Input data:

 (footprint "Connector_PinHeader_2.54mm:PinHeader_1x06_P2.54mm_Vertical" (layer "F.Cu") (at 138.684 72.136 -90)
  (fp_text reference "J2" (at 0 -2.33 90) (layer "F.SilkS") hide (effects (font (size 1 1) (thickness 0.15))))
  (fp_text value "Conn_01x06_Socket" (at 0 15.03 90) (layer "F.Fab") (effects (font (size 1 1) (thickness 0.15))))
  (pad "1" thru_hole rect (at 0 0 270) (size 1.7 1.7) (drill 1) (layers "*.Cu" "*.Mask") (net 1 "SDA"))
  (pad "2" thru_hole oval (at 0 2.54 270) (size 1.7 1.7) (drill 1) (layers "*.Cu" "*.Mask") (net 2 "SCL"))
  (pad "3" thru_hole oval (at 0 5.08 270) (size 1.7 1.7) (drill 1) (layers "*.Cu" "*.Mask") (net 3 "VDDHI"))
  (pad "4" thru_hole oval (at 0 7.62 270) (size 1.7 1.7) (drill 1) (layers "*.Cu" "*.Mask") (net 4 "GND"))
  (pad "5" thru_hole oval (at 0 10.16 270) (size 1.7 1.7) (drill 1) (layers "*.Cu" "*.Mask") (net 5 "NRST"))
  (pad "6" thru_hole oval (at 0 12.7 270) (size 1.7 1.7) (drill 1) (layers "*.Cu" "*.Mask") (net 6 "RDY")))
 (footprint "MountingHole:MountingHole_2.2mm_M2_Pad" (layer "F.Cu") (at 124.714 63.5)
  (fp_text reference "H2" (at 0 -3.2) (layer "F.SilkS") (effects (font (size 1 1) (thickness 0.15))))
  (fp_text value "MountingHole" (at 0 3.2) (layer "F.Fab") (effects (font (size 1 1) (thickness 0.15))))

* * *

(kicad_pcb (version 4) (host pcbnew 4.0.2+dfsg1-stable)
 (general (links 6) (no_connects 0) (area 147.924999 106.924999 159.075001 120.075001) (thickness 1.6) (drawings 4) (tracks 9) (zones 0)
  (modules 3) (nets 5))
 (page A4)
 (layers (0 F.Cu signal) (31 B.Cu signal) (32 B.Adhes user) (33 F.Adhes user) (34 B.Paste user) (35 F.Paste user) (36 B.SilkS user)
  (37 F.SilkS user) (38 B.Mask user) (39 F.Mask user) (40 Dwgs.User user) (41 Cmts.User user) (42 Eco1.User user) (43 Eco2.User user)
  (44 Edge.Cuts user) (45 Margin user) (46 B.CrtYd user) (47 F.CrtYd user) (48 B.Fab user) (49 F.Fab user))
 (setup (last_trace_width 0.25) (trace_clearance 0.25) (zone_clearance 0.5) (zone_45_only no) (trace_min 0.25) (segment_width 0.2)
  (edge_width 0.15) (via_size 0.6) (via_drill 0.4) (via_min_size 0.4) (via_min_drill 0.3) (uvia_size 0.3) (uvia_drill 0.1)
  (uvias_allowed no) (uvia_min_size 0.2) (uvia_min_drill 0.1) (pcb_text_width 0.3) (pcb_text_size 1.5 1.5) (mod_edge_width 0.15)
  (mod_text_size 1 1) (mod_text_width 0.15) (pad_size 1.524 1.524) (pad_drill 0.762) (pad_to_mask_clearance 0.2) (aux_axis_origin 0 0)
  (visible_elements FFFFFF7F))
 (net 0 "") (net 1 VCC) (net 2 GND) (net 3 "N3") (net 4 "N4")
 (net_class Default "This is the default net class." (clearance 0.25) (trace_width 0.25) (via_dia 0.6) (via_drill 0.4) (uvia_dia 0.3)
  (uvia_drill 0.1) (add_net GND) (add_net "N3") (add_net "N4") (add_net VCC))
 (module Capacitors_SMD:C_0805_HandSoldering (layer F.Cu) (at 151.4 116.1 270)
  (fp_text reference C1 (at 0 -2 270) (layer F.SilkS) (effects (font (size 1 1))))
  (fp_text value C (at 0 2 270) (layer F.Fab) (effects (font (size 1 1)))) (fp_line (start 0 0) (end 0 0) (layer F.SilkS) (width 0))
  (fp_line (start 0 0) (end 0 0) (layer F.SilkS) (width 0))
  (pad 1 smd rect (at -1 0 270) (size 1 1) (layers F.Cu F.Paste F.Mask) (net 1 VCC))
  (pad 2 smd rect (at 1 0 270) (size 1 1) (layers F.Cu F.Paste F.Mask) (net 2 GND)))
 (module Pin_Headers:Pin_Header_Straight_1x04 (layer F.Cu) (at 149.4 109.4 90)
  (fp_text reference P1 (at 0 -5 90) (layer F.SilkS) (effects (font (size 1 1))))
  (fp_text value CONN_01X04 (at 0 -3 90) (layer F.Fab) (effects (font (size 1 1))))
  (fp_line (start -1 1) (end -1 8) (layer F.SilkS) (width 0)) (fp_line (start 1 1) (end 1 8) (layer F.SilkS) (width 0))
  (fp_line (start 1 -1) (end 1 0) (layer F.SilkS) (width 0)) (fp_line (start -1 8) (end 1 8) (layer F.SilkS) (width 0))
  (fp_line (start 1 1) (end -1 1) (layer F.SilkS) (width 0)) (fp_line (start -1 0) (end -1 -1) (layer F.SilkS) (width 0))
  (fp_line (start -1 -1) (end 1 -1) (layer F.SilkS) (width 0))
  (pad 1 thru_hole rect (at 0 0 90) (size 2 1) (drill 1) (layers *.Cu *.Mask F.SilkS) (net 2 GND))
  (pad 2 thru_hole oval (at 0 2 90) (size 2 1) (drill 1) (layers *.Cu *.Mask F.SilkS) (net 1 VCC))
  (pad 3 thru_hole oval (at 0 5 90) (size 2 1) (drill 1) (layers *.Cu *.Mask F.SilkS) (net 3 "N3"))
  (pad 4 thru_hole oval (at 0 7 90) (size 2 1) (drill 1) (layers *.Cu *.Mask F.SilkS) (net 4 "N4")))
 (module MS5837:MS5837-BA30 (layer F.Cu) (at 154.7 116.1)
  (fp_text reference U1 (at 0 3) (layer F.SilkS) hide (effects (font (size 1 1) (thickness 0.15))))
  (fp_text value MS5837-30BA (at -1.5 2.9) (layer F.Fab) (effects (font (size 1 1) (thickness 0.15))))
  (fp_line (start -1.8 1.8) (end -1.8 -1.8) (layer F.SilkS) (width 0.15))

==

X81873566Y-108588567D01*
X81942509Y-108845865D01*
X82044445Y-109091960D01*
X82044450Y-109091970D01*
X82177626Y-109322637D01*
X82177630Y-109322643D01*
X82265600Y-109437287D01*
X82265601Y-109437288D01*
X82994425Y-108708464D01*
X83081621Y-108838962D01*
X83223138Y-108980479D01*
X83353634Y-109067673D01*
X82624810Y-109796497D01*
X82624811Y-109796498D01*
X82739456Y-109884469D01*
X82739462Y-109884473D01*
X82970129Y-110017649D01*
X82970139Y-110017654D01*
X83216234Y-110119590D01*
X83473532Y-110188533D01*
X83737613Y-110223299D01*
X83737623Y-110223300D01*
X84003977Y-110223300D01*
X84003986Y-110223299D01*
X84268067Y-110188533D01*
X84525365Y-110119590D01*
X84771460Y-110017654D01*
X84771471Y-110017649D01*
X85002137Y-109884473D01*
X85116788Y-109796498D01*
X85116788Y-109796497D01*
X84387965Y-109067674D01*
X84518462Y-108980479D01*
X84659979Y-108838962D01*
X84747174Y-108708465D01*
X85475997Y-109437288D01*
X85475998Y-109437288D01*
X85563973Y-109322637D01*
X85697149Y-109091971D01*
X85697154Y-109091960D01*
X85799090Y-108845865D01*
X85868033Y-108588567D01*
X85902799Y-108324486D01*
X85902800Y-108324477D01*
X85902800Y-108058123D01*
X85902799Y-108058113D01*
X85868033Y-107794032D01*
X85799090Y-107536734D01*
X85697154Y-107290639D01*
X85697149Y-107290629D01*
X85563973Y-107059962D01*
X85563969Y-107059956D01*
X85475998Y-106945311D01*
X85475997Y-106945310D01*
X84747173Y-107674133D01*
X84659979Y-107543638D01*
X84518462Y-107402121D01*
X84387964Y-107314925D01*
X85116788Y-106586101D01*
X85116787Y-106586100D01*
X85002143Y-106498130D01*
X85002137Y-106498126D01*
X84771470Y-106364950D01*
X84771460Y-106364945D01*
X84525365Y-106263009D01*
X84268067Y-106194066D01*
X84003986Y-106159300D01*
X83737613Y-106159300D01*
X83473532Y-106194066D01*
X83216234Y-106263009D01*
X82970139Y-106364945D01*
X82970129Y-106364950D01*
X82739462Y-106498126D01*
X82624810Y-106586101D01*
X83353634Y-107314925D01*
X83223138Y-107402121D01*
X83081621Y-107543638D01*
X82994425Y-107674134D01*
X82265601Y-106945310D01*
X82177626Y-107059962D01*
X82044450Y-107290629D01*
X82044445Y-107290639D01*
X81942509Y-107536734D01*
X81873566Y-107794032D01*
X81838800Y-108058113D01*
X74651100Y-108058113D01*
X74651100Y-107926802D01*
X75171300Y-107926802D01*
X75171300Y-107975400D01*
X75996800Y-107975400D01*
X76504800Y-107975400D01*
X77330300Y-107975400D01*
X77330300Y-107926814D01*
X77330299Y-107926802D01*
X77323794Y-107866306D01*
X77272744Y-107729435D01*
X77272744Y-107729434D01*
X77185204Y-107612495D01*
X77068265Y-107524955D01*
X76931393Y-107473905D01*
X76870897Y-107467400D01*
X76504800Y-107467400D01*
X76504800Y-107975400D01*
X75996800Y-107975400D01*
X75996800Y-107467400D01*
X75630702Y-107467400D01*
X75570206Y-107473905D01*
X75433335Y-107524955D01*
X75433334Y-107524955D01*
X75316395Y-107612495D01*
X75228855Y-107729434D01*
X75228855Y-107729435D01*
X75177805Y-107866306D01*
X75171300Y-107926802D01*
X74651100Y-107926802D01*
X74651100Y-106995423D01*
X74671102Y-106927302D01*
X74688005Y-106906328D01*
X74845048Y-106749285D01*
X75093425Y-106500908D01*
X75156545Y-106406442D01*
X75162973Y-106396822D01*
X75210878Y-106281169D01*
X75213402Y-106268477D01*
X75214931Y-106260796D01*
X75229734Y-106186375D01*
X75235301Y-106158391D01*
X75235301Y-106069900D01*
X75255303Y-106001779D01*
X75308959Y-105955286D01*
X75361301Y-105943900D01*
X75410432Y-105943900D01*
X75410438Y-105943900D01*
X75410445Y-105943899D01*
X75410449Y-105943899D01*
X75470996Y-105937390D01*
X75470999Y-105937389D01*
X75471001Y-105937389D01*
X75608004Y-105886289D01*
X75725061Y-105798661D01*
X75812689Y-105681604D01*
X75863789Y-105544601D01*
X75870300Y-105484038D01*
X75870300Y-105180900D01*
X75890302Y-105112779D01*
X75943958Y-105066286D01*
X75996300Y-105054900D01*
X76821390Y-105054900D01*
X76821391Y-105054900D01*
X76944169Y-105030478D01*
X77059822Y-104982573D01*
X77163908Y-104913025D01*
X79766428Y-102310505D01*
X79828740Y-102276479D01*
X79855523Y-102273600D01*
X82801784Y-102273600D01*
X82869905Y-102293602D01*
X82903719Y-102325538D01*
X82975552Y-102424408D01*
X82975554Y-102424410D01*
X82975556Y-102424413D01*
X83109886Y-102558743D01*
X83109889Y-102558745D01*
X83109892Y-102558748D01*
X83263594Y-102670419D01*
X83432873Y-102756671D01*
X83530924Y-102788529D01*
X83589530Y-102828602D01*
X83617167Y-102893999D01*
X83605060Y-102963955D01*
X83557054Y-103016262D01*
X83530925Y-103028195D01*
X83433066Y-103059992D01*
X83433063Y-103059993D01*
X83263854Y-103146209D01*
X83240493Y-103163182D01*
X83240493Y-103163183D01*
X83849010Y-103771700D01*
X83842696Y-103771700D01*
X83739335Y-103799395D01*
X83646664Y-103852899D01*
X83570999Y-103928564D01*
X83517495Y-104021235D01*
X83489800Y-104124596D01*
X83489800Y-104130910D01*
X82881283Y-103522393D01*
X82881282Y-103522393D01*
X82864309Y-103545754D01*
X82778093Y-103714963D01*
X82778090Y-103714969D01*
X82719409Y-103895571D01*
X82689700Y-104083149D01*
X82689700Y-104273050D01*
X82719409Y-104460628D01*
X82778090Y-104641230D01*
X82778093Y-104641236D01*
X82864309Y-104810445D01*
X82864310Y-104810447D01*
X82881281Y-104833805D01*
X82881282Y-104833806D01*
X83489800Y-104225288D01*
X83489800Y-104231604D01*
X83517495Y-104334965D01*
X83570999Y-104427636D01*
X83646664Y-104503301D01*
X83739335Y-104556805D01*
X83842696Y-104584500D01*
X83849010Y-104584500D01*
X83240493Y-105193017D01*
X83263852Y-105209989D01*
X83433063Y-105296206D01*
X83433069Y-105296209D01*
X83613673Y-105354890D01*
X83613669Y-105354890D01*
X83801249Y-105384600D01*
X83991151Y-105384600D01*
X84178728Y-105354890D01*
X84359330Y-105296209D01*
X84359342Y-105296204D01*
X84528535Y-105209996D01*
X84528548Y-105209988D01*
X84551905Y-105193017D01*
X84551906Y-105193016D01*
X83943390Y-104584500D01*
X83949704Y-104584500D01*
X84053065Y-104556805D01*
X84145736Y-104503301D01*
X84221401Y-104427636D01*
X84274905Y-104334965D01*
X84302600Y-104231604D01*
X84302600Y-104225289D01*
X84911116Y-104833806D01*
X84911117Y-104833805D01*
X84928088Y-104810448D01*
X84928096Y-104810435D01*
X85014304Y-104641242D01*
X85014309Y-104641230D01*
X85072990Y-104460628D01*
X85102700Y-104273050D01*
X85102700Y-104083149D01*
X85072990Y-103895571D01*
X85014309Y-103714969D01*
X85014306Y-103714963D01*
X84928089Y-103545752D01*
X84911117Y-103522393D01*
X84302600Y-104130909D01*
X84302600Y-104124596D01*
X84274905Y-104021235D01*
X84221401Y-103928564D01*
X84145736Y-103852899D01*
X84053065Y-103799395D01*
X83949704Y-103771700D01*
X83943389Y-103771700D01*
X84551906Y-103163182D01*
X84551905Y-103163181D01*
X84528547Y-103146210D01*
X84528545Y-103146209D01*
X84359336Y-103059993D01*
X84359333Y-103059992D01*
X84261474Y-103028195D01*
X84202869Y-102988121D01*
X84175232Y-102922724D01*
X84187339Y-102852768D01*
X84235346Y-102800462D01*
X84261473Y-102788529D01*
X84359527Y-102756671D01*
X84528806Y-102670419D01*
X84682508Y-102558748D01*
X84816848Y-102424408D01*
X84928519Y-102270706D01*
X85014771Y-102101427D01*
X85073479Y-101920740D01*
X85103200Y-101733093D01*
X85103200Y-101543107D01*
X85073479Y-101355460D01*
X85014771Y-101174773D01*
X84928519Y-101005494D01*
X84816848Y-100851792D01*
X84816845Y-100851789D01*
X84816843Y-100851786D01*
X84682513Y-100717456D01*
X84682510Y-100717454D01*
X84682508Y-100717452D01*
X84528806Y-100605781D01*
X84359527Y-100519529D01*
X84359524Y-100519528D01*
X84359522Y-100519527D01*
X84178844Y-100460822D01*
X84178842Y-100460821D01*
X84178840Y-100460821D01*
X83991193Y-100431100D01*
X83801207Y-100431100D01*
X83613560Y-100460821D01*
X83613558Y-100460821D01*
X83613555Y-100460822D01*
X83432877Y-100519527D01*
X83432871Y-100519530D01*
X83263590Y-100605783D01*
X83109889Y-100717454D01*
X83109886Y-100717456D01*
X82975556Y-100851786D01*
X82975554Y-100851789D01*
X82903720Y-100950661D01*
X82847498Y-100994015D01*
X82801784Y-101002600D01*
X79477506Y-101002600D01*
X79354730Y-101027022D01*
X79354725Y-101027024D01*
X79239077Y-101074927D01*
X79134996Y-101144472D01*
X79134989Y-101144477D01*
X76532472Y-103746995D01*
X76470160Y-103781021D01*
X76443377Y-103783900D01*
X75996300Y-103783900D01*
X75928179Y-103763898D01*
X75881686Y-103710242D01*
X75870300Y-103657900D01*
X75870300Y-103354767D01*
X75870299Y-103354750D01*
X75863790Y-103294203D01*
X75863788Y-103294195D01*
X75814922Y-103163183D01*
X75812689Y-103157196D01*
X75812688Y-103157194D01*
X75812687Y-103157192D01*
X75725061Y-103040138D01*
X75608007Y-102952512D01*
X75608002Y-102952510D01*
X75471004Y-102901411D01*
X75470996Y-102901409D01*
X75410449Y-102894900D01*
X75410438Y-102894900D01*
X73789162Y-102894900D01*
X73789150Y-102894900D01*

Work to complete: In the entries above, restate word for word the lines between the one holding "(pad 2 smd rect" and the one holding "(fp_line (start -1.8", inclusive, and nothing besides.

Result:
  (pad 2 smd rect (at 1 0 270) (size 1 1) (layers F.Cu F.Paste F.Mask) (net 2 GND)))
 (module Pin_Headers:Pin_Header_Straight_1x04 (layer F.Cu) (at 149.4 109.4 90)
  (fp_text reference P1 (at 0 -5 90) (layer F.SilkS) (effects (font (size 1 1))))
  (fp_text value CONN_01X04 (at 0 -3 90) (layer F.Fab) (effects (font (size 1 1))))
  (fp_line (start -1 1) (end -1 8) (layer F.SilkS) (width 0)) (fp_line (start 1 1) (end 1 8) (layer F.SilkS) (width 0))
  (fp_line (start 1 -1) (end 1 0) (layer F.SilkS) (width 0)) (fp_line (start -1 8) (end 1 8) (layer F.SilkS) (width 0))
  (fp_line (start 1 1) (end -1 1) (layer F.SilkS) (width 0)) (fp_line (start -1 0) (end -1 -1) (layer F.SilkS) (width 0))
  (fp_line (start -1 -1) (end 1 -1) (layer F.SilkS) (width 0))
  (pad 1 thru_hole rect (at 0 0 90) (size 2 1) (drill 1) (layers *.Cu *.Mask F.SilkS) (net 2 GND))
  (pad 2 thru_hole oval (at 0 2 90) (size 2 1) (drill 1) (layers *.Cu *.Mask F.SilkS) (net 1 VCC))
  (pad 3 thru_hole oval (at 0 5 90) (size 2 1) (drill 1) (layers *.Cu *.Mask F.SilkS) (net 3 "N3"))
  (pad 4 thru_hole oval (at 0 7 90) (size 2 1) (drill 1) (layers *.Cu *.Mask F.SilkS) (net 4 "N4")))
 (module MS5837:MS5837-BA30 (layer F.Cu) (at 154.7 116.1)
  (fp_text reference U1 (at 0 3) (layer F.SilkS) hide (effects (font (size 1 1) (thickness 0.15))))
  (fp_text value MS5837-30BA (at -1.5 2.9) (layer F.Fab) (effects (font (size 1 1) (thickness 0.15))))
  (fp_line (start -1.8 1.8) (end -1.8 -1.8) (layer F.SilkS) (width 0.15))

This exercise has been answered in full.